**PROBLEM DESCRIPTION:** Only the lines from the beginning of the data below through the line that contains "X139.7Y-80.4" should be repeated, exactly as written.

**MATERIAL PROVIDED:**
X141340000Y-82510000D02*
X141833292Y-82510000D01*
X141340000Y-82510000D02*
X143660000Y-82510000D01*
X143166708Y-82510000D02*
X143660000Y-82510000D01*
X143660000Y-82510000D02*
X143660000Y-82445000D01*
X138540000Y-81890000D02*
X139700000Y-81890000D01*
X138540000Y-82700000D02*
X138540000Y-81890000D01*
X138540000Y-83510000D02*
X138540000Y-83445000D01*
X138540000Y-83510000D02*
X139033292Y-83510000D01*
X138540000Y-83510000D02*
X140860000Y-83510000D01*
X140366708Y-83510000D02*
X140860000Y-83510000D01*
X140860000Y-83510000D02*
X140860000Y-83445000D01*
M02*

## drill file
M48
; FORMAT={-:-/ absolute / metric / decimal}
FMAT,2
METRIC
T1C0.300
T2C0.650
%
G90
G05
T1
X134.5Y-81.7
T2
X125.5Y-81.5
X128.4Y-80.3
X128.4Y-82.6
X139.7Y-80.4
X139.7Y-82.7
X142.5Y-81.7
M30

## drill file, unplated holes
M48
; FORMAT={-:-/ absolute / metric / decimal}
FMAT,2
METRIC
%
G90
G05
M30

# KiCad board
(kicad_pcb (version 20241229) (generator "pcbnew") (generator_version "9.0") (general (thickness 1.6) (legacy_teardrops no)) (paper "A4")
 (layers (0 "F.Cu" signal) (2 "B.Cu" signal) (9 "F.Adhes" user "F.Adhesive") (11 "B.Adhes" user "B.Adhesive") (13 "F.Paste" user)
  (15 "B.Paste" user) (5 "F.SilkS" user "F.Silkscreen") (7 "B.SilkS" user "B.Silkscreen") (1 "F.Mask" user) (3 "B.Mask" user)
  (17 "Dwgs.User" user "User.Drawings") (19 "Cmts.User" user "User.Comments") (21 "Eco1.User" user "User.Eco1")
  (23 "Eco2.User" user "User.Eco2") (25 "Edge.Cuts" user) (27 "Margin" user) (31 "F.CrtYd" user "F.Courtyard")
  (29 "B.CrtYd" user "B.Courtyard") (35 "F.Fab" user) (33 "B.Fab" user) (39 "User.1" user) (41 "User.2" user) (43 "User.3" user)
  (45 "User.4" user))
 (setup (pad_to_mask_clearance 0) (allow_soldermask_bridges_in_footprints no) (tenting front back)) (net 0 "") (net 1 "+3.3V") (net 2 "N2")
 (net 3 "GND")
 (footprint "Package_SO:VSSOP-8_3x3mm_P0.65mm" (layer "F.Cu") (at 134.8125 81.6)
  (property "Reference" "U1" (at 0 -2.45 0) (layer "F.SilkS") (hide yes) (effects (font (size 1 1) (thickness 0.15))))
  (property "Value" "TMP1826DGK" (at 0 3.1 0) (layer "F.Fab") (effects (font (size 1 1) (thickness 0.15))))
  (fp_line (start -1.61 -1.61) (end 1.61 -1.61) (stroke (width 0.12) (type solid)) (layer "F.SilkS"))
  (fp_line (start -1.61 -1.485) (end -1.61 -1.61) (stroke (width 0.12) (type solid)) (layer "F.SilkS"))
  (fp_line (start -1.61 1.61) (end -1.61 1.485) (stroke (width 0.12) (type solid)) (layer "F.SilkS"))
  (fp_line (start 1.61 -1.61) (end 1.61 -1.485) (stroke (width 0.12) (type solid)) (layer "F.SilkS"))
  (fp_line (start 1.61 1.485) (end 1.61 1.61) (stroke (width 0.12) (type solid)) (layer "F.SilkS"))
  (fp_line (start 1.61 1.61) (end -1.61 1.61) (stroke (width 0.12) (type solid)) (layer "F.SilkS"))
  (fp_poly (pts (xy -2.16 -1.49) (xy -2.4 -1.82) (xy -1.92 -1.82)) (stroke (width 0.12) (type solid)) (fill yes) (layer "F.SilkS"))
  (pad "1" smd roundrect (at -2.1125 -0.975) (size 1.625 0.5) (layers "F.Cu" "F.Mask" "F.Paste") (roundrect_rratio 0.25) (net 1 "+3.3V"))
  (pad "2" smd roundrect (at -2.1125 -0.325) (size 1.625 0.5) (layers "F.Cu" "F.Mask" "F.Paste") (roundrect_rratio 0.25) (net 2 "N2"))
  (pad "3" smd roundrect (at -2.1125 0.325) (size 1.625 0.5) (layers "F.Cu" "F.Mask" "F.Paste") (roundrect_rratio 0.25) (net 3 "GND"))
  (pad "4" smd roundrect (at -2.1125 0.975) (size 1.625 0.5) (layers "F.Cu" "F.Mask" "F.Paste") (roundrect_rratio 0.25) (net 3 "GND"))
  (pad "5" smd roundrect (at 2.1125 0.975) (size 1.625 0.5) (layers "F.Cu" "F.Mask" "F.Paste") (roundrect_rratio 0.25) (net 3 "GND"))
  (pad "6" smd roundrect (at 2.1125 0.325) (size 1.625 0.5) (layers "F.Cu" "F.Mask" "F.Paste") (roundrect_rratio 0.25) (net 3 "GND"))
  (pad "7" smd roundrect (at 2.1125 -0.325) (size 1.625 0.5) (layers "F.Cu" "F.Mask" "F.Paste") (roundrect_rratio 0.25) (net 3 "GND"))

**YOUR SOLUTION:**
X141340000Y-82510000D02*
X141833292Y-82510000D01*
X141340000Y-82510000D02*
X143660000Y-82510000D01*
X143166708Y-82510000D02*
X143660000Y-82510000D01*
X143660000Y-82510000D02*
X143660000Y-82445000D01*
X138540000Y-81890000D02*
X139700000Y-81890000D01*
X138540000Y-82700000D02*
X138540000Y-81890000D01*
X138540000Y-83510000D02*
X138540000Y-83445000D01*
X138540000Y-83510000D02*
X139033292Y-83510000D01*
X138540000Y-83510000D02*
X140860000Y-83510000D01*
X140366708Y-83510000D02*
X140860000Y-83510000D01*
X140860000Y-83510000D02*
X140860000Y-83445000D01*
M02*

## drill file
M48
; FORMAT={-:-/ absolute / metric / decimal}
FMAT,2
METRIC
T1C0.300
T2C0.650
%
G90
G05
T1
X134.5Y-81.7
T2
X125.5Y-81.5
X128.4Y-80.3
X128.4Y-82.6
X139.7Y-80.4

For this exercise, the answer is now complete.